CIO exodus; Jimi Hendrix warfare
CIO exodus
First John Stenbit. Now John Osterholz.
The Defense Department's architecture and interoperability head will leave his post in early March for a job with British defense contractor BAE Systems, DOD and industry officials said.
Osterholz sent the Interceptor an e-mail noting that he was retiring after 35 years of government service, both in and out of uniform.
The departure will mark another significant change in the top ranks of DOD's information technology shop. Stenbit, the department's CIO, is expected to retire once the Senate confirms his replacement, Francis Harvey.
As director of architecture and interoperability in the Office of the Assistant Secretary of Defense for Networks and Information Integration and the Chief Information Officer, Osterholz oversaw the release of the department's new architecture policy last November.

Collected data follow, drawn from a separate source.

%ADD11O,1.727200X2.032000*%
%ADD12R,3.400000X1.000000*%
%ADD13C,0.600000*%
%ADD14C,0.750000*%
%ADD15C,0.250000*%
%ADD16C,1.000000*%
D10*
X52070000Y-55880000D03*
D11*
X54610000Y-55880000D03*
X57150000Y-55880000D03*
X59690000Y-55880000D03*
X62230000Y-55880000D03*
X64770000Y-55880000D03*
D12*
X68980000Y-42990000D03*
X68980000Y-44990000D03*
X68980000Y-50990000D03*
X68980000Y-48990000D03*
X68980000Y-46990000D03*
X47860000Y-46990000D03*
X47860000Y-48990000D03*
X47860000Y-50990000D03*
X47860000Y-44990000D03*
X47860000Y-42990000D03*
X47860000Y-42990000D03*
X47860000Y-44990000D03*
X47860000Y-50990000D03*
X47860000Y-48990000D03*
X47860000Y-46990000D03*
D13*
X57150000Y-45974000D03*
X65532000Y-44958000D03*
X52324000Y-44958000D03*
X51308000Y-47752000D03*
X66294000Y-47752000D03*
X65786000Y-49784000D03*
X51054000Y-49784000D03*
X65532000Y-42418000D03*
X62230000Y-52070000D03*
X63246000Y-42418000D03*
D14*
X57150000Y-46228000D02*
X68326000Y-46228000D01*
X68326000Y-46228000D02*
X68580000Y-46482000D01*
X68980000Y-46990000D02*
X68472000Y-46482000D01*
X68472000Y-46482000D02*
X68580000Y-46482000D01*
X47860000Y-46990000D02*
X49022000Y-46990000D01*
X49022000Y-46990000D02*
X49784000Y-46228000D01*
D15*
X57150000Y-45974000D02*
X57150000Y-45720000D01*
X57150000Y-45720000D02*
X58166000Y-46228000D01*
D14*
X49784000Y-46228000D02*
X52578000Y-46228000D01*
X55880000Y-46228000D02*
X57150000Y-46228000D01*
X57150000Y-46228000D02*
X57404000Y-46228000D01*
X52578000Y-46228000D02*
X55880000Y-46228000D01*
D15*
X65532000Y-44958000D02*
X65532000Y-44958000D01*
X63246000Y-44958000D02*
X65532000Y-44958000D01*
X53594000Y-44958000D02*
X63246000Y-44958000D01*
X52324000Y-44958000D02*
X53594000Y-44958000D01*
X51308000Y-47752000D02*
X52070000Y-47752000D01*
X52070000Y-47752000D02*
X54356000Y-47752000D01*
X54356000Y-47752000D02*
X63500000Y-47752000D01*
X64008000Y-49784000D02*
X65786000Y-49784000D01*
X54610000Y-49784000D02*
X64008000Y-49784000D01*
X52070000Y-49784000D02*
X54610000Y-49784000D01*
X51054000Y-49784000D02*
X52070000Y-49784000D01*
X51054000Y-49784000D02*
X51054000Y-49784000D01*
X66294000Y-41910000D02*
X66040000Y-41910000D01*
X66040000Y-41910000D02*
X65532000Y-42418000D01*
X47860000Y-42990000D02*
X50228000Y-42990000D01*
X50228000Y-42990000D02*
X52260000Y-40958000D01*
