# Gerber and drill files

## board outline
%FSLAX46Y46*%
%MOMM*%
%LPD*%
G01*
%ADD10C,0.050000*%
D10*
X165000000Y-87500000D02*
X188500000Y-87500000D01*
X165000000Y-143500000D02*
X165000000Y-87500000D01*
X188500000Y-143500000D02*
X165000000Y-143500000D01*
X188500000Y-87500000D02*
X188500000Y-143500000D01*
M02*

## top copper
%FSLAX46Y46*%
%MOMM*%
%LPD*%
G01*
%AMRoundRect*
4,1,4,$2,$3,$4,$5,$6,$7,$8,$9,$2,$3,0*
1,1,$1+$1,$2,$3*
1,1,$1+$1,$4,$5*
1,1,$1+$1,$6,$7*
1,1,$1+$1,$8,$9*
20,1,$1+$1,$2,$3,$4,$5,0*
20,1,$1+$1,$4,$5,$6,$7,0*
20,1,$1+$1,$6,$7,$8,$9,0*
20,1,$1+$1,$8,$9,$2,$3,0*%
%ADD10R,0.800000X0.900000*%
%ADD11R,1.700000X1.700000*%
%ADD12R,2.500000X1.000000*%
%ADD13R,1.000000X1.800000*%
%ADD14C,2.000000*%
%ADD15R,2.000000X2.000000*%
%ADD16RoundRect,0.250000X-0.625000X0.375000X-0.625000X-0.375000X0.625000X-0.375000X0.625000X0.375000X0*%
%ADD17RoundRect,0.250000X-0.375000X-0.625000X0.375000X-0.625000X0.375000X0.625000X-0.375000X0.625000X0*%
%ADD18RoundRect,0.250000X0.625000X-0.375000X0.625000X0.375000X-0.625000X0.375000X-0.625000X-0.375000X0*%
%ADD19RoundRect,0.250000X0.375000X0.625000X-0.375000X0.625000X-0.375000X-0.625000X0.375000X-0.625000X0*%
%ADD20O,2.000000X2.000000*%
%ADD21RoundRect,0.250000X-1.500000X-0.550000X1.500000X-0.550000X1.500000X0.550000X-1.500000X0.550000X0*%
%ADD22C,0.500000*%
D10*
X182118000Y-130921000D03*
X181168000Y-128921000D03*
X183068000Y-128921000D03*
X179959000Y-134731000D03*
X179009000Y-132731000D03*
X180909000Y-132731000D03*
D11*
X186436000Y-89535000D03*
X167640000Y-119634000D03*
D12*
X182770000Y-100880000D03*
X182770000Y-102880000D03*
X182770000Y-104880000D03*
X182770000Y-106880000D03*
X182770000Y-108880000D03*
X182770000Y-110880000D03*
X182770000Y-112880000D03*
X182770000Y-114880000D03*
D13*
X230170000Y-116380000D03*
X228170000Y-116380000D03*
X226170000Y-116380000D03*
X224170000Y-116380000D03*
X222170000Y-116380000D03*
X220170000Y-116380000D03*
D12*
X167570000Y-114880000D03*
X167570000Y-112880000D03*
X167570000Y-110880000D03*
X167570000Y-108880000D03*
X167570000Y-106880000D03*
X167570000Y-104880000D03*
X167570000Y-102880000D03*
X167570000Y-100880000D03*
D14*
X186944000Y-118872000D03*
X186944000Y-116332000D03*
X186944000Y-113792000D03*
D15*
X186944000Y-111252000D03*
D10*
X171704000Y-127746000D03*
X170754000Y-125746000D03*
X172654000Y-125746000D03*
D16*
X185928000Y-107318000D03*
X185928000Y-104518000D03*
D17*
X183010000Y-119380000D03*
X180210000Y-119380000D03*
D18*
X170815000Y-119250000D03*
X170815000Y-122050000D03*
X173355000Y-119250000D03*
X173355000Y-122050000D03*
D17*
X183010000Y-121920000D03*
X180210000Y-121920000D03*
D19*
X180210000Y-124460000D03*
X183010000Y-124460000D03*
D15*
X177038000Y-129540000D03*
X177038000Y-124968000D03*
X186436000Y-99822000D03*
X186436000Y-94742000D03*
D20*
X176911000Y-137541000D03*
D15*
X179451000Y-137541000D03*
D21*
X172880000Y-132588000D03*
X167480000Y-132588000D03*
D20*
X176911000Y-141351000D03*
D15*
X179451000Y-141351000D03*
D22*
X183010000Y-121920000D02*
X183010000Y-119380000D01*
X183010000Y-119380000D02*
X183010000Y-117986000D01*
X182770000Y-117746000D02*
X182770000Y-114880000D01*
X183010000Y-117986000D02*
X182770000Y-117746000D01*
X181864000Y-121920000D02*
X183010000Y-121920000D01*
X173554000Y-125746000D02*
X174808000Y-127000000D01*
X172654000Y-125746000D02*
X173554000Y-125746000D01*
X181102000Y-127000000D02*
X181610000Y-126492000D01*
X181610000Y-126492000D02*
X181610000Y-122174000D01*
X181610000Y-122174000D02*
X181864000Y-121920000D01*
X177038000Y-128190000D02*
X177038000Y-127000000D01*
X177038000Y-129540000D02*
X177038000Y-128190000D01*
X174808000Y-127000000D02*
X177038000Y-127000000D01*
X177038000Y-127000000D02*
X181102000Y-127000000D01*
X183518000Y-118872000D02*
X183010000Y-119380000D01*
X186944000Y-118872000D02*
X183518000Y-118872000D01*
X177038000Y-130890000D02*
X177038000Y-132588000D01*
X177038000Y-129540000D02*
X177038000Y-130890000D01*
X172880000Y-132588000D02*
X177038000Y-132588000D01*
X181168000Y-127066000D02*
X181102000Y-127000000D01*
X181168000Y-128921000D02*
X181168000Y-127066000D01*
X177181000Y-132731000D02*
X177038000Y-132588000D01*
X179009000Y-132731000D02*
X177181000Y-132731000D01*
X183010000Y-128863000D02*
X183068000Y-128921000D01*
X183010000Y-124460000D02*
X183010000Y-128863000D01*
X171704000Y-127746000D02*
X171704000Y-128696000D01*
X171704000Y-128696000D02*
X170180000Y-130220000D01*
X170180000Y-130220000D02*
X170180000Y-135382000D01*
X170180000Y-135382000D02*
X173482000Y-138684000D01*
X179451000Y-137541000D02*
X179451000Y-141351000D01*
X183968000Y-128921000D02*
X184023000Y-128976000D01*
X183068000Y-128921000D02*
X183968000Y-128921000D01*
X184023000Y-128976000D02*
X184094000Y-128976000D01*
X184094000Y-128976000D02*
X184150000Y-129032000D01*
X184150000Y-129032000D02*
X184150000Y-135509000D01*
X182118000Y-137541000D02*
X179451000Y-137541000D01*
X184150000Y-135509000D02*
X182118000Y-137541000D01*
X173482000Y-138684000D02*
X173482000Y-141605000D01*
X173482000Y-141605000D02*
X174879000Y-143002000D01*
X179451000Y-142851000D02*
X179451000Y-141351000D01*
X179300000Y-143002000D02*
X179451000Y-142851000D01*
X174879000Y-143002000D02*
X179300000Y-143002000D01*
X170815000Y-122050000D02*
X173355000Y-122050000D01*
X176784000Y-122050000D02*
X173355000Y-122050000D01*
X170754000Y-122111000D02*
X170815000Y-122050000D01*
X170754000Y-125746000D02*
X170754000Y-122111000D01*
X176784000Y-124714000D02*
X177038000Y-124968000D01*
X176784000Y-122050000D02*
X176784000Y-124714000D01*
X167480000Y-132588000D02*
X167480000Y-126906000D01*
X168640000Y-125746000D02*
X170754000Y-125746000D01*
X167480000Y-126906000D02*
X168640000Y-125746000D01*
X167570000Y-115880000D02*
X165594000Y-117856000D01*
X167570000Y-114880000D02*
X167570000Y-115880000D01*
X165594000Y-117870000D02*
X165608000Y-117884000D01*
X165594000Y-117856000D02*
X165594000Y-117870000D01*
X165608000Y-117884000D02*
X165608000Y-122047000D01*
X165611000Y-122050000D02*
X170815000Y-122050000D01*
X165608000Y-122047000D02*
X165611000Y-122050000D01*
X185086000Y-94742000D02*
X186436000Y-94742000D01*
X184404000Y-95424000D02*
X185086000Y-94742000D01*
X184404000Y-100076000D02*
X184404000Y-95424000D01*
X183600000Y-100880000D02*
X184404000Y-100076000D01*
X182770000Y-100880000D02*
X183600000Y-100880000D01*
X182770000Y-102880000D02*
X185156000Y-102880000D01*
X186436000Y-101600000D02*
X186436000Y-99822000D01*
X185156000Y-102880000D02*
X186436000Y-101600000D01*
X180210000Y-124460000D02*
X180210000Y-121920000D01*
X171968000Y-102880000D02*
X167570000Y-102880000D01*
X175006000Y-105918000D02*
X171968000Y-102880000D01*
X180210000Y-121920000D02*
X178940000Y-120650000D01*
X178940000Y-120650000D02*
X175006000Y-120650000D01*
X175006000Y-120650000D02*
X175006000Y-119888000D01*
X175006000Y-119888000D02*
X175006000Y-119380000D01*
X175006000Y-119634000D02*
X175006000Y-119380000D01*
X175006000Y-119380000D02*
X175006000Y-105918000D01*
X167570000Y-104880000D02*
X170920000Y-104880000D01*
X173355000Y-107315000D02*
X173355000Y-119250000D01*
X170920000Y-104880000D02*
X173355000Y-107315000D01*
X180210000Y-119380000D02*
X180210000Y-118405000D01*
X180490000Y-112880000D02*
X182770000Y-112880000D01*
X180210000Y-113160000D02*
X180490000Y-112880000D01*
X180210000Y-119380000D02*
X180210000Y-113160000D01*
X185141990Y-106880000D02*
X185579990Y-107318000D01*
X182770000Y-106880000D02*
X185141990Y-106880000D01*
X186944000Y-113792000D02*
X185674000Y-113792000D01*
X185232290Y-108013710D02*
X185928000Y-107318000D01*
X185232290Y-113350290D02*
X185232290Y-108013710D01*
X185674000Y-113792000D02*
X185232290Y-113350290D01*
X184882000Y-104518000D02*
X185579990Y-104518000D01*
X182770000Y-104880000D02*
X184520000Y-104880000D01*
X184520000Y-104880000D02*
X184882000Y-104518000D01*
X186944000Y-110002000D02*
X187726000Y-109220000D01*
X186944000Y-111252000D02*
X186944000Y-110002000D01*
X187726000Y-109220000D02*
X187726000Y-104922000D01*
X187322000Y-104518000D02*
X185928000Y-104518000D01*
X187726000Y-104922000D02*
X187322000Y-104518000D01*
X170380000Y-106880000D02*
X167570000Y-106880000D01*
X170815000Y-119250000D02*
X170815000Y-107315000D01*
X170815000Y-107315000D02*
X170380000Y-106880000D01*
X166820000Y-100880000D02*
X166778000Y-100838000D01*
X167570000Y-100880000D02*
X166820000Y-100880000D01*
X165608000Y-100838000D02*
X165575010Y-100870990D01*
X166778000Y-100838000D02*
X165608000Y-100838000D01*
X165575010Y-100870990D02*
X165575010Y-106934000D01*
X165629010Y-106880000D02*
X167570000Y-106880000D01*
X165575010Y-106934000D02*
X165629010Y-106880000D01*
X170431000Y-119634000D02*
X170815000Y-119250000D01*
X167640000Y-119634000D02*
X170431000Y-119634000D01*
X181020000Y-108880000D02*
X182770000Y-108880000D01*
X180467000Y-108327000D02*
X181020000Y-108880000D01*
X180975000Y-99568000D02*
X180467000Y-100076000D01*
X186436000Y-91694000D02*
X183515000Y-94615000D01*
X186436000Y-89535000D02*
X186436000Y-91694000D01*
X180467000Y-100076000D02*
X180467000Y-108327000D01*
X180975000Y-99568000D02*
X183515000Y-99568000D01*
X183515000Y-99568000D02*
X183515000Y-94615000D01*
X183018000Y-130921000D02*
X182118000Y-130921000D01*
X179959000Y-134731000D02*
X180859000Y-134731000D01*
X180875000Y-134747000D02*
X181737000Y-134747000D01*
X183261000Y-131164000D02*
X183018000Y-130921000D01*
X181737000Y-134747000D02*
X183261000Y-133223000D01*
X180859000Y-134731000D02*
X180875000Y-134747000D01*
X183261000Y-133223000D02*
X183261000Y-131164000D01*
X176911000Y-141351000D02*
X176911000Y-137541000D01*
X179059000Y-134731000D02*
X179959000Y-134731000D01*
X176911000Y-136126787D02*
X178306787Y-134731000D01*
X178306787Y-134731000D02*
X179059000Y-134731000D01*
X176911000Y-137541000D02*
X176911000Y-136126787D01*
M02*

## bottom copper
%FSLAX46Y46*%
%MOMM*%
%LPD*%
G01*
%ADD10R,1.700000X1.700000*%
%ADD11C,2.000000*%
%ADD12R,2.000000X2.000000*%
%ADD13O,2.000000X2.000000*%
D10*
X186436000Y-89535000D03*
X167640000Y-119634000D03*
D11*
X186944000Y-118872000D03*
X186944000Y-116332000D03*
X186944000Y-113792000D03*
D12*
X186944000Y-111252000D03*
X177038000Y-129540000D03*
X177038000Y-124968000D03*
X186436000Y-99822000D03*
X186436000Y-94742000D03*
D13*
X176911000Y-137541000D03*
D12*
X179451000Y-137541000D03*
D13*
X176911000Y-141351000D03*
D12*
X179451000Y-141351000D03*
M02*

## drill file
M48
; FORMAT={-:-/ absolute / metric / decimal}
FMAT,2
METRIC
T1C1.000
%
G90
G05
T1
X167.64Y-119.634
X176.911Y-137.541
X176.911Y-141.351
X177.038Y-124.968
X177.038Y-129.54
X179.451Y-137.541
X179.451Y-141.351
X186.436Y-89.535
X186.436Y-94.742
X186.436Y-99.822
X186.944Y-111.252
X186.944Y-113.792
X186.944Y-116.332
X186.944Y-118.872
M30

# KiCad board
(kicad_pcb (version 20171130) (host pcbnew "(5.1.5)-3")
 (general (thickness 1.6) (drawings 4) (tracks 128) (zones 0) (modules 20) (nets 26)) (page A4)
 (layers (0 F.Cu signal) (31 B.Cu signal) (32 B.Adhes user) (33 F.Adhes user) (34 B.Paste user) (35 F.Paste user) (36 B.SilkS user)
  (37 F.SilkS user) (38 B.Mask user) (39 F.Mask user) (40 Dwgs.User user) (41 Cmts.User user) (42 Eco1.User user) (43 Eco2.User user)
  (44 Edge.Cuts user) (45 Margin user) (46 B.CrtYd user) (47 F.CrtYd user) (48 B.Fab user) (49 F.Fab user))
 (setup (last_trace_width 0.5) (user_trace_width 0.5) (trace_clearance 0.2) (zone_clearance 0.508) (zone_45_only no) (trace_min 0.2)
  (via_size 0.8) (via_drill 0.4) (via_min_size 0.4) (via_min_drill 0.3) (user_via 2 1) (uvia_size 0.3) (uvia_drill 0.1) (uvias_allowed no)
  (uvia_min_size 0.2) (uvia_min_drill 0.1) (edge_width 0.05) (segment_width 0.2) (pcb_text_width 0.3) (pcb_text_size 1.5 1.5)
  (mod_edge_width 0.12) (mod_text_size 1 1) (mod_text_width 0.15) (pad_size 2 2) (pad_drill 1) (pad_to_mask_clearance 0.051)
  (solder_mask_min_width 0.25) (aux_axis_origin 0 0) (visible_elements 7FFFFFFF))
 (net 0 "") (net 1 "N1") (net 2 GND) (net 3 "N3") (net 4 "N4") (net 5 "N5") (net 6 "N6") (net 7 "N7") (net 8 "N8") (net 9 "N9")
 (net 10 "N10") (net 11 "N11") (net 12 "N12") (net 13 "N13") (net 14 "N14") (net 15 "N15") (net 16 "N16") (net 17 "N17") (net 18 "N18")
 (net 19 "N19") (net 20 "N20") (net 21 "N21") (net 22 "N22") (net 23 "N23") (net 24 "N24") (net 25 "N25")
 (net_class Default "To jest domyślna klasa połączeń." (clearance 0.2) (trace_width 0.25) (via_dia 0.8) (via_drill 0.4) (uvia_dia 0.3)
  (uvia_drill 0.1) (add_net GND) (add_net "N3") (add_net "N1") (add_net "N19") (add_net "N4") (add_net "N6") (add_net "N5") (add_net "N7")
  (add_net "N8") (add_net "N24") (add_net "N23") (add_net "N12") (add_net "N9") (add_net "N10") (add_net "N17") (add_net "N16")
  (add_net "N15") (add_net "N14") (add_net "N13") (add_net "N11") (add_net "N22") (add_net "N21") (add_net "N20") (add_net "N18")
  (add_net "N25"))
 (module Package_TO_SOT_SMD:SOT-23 (layer F.Cu) (at 182.118 129.921 270)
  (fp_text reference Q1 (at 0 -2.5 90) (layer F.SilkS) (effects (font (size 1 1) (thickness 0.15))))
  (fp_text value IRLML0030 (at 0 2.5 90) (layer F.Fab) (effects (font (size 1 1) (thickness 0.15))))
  (pad 3 smd rect (at 1 0 270) (size 0.9 0.8) (layers F.Cu F.Paste F.Mask) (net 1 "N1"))
  (pad 2 smd rect (at -1 0.95 270) (size 0.9 0.8) (layers F.Cu F.Paste F.Mask) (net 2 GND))
  (pad 1 smd rect (at -1 -0.95 270) (size 0.9 0.8) (layers F.Cu F.Paste F.Mask) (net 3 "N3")))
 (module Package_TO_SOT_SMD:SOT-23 (layer F.Cu) (at 179.959 133.731 270)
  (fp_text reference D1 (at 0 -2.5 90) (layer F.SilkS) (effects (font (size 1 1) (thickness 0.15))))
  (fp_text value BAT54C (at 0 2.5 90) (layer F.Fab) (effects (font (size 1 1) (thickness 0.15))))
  (pad 3 smd rect (at 1 0 270) (size 0.9 0.8) (layers F.Cu F.Paste F.Mask) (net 1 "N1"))
  (pad 2 smd rect (at -1 0.95 270) (size 0.9 0.8) (layers F.Cu F.Paste F.Mask) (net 2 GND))
  (pad 1 smd rect (at -1 -0.95 270) (size 0.9 0.8) (layers F.Cu F.Paste F.Mask) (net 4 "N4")))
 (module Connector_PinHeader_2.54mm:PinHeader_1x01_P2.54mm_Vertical (layer F.Cu) (at 186.436 89.535)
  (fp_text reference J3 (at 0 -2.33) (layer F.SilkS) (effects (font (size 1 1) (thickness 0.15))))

Osterholz also helped oversee the planning of the almost $900 million Global Information Grid-Bandwidth Expansion program and award of the GIG-BE fiber and equipment contracts last October and December.
When is a PC not a PC?
If you want to do business with Wil Berrios, the Army Corps of Engineers' CIO, don't say the word "LAN" or "PC." There is no such thing as either a local-area network or a PC, he told vendors last week at a breakfast sponsored by Federal Sources Inc., a McLean, Va., market research company.
Networks may have local connections, but they are not strictly local. For the same reason, personal computers are not really personal. They ought to be called network appliances, he said.
A LAN is the result of a network that connects users locally. A personal computer is the consequence of network cables connected to it, Berrios said.
"It's now all about the network and the best way to manage it," he said.
Warfare á la Jimi Hendrix
In traditional warfare, meaning 20th-century warfare, the armed services were given designated areas in which they could conduct combat operations. Only in rare instances did one service venture into another's space.
And that area of control extended upward to include the sky. A virtual bubble existed over a service's area of expertise, so Marine aircraft, for example, would support Marine ground forces, and the same held true for the Army.
Those days are over. Gen. T. Michael Moseley, vice chief of staff for the Air Force, told
Lt. Gen. James Conway, commander of the 1st Marine Expeditionary Force, that the airspace over a battlefield would consist of a "purple haze" instead of a bubble. Purple is a magic color in the military used to designate something that gets input or participation from each of the armed
services.
We doubt Jimi Hendrix ever envisioned a day when one of his most famous songs would be used by the Pentagon to describe battle space.